## Exercise brief
Search the data for the string "Blue" and copy each line where it turns up.
[[ Material to process open ]]
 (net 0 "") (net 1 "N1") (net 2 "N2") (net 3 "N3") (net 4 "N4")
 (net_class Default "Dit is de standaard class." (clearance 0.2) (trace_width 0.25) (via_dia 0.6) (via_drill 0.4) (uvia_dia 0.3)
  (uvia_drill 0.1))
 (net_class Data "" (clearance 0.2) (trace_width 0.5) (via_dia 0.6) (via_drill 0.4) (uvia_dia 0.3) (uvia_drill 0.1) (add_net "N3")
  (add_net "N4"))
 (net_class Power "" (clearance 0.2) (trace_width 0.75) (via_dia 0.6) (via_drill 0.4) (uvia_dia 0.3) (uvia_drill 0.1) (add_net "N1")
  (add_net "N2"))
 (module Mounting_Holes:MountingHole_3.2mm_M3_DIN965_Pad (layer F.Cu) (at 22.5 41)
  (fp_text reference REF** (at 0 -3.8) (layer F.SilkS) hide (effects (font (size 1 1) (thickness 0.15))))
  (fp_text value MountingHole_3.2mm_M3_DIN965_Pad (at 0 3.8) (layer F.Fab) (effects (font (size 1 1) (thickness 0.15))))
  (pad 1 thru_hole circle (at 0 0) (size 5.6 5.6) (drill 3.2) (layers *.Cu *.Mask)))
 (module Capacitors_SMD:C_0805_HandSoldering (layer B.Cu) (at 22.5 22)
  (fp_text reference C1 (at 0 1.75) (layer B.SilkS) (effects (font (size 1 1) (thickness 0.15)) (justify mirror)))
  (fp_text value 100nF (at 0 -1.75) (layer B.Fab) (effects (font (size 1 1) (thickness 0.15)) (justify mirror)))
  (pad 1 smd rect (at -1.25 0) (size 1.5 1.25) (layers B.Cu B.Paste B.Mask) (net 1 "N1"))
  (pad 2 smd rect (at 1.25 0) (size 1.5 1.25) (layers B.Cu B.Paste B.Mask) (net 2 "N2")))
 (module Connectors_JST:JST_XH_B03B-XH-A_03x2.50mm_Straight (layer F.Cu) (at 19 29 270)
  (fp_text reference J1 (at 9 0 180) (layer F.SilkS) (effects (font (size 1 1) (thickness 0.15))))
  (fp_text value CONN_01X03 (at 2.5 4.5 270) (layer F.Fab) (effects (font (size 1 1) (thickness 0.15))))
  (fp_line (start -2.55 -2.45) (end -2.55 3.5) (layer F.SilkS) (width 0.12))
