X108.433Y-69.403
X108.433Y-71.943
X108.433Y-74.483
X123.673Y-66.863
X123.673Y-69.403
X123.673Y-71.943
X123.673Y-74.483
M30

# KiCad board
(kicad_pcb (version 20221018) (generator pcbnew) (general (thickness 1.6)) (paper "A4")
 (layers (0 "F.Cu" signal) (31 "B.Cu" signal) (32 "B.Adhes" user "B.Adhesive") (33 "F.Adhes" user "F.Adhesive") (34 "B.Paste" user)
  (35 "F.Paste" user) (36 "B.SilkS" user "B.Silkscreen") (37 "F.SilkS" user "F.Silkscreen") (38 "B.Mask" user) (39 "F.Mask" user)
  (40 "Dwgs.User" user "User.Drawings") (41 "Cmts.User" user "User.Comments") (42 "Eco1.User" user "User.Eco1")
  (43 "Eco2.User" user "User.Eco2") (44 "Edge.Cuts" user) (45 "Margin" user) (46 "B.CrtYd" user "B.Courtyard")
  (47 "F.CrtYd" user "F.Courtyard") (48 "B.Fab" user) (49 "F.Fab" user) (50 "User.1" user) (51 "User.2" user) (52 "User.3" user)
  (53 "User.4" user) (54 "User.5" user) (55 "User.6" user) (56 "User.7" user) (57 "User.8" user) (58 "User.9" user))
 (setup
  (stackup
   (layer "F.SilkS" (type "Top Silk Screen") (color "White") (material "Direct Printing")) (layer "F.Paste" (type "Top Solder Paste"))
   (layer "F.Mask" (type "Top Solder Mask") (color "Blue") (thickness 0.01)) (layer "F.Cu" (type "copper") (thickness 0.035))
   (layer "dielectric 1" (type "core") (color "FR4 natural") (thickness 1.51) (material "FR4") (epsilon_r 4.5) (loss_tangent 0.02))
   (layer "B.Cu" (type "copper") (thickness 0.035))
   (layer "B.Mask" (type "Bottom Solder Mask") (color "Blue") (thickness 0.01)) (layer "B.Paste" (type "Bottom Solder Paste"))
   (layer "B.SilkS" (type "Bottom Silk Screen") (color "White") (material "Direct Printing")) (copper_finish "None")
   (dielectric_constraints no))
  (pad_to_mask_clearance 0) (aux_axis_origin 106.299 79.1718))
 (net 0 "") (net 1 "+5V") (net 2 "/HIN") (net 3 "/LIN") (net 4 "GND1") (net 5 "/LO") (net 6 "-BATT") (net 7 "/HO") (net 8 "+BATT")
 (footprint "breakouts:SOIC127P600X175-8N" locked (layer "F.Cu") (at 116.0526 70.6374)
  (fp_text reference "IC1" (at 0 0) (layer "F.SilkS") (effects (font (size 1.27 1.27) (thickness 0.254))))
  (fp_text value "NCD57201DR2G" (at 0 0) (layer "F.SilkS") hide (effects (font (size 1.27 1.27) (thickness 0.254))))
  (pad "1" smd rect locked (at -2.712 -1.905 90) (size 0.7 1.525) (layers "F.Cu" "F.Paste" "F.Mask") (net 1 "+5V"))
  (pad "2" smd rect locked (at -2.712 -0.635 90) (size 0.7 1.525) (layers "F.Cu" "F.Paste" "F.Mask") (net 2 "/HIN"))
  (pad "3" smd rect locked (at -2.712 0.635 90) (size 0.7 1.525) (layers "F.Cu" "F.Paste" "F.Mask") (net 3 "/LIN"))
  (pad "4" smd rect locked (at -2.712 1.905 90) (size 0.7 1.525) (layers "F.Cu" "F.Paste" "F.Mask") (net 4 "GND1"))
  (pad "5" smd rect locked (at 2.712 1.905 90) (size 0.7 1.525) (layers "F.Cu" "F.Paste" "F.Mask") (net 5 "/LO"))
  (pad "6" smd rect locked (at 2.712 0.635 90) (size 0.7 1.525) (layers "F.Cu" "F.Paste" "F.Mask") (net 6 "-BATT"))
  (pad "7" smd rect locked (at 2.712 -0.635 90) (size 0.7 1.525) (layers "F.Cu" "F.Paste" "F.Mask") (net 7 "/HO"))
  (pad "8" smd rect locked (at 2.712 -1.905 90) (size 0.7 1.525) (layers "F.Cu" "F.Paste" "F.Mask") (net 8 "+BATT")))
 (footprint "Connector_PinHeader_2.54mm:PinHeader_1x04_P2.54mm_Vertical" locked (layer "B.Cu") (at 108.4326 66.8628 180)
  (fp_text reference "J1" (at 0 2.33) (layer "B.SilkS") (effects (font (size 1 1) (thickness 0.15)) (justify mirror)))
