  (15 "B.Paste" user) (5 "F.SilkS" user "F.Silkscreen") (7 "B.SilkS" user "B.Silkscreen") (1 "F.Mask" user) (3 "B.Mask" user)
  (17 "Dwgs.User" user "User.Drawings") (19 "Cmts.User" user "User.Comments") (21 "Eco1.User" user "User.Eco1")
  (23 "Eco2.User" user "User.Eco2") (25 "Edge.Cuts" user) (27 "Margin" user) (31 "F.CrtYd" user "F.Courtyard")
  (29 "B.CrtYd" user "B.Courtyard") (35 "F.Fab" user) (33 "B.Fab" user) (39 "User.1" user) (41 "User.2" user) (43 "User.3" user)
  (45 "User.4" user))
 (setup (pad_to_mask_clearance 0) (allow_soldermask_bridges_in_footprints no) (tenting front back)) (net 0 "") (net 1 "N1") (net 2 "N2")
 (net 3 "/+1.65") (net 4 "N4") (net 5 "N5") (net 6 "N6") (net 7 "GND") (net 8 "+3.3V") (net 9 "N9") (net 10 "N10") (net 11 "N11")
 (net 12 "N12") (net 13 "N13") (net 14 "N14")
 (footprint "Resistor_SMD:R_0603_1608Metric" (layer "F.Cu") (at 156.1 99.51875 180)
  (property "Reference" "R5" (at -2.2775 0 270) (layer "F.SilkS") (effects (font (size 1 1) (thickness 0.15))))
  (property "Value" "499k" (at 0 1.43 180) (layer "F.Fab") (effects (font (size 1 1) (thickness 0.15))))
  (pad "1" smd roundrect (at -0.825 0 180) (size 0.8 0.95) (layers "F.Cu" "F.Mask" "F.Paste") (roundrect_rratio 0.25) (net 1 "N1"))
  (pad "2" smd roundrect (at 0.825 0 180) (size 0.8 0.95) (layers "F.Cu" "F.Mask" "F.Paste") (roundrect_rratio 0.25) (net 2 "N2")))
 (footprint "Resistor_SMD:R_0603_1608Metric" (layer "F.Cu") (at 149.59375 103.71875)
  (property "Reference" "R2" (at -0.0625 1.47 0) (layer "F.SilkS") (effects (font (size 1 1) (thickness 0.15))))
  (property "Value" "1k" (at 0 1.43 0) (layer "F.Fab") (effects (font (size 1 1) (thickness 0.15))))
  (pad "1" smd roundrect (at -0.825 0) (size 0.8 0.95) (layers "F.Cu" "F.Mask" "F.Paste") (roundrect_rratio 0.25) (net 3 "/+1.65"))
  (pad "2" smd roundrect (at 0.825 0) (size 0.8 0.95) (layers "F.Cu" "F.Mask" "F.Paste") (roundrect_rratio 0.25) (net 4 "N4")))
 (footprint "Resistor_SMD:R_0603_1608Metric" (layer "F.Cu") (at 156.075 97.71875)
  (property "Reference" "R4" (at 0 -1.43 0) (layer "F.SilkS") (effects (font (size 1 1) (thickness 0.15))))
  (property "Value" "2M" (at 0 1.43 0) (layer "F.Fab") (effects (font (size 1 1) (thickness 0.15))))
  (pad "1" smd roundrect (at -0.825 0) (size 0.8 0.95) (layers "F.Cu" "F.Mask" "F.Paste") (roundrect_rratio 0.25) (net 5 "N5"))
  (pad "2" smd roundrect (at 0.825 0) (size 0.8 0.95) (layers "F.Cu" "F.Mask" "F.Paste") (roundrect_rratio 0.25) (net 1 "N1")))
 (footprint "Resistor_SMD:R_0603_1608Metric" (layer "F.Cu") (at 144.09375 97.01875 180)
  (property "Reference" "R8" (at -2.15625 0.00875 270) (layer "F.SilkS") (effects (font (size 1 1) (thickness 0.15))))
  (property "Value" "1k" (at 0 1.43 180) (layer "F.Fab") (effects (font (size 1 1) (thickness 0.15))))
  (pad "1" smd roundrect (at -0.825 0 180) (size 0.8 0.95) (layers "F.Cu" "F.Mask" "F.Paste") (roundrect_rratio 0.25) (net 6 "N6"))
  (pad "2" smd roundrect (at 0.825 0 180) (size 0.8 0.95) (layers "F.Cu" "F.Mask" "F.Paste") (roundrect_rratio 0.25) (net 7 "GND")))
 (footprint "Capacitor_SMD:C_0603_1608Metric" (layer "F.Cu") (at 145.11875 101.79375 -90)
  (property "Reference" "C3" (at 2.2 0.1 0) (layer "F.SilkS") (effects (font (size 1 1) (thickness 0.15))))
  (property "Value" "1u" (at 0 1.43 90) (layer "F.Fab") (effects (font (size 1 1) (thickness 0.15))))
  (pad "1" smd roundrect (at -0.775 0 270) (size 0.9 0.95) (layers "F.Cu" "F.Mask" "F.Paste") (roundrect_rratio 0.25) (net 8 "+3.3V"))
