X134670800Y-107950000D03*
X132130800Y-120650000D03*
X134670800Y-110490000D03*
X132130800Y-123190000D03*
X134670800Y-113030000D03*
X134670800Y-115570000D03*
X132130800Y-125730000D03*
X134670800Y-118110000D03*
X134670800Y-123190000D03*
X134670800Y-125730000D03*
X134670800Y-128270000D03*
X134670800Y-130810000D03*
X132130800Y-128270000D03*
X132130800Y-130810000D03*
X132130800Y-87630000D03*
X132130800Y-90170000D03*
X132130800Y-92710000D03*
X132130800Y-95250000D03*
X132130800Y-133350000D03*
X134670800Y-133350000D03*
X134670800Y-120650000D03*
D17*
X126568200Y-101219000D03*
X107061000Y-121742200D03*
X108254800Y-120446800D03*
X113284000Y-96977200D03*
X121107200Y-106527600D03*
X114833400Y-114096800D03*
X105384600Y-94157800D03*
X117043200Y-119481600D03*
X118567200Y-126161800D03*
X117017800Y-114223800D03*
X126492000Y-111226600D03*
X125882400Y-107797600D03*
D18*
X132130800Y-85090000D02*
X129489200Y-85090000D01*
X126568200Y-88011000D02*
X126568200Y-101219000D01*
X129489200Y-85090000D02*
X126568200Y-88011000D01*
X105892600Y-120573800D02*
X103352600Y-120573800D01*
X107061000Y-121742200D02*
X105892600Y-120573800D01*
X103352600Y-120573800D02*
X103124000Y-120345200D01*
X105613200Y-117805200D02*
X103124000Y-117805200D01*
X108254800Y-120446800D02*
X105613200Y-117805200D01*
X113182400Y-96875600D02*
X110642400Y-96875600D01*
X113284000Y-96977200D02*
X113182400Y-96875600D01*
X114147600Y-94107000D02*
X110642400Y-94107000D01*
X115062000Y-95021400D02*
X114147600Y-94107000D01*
[[ Material to process closed ]]
## Task answer
   (layer "F.Mask" (type "Top Solder Mask") (color "Blue") (thickness 0.01)) (layer "F.Cu" (type "copper") (thickness 0.035))
   (layer "B.Mask" (type "Bottom Solder Mask") (color "Blue") (thickness 0.01)) (layer "B.Paste" (type "Bottom Solder Paste"))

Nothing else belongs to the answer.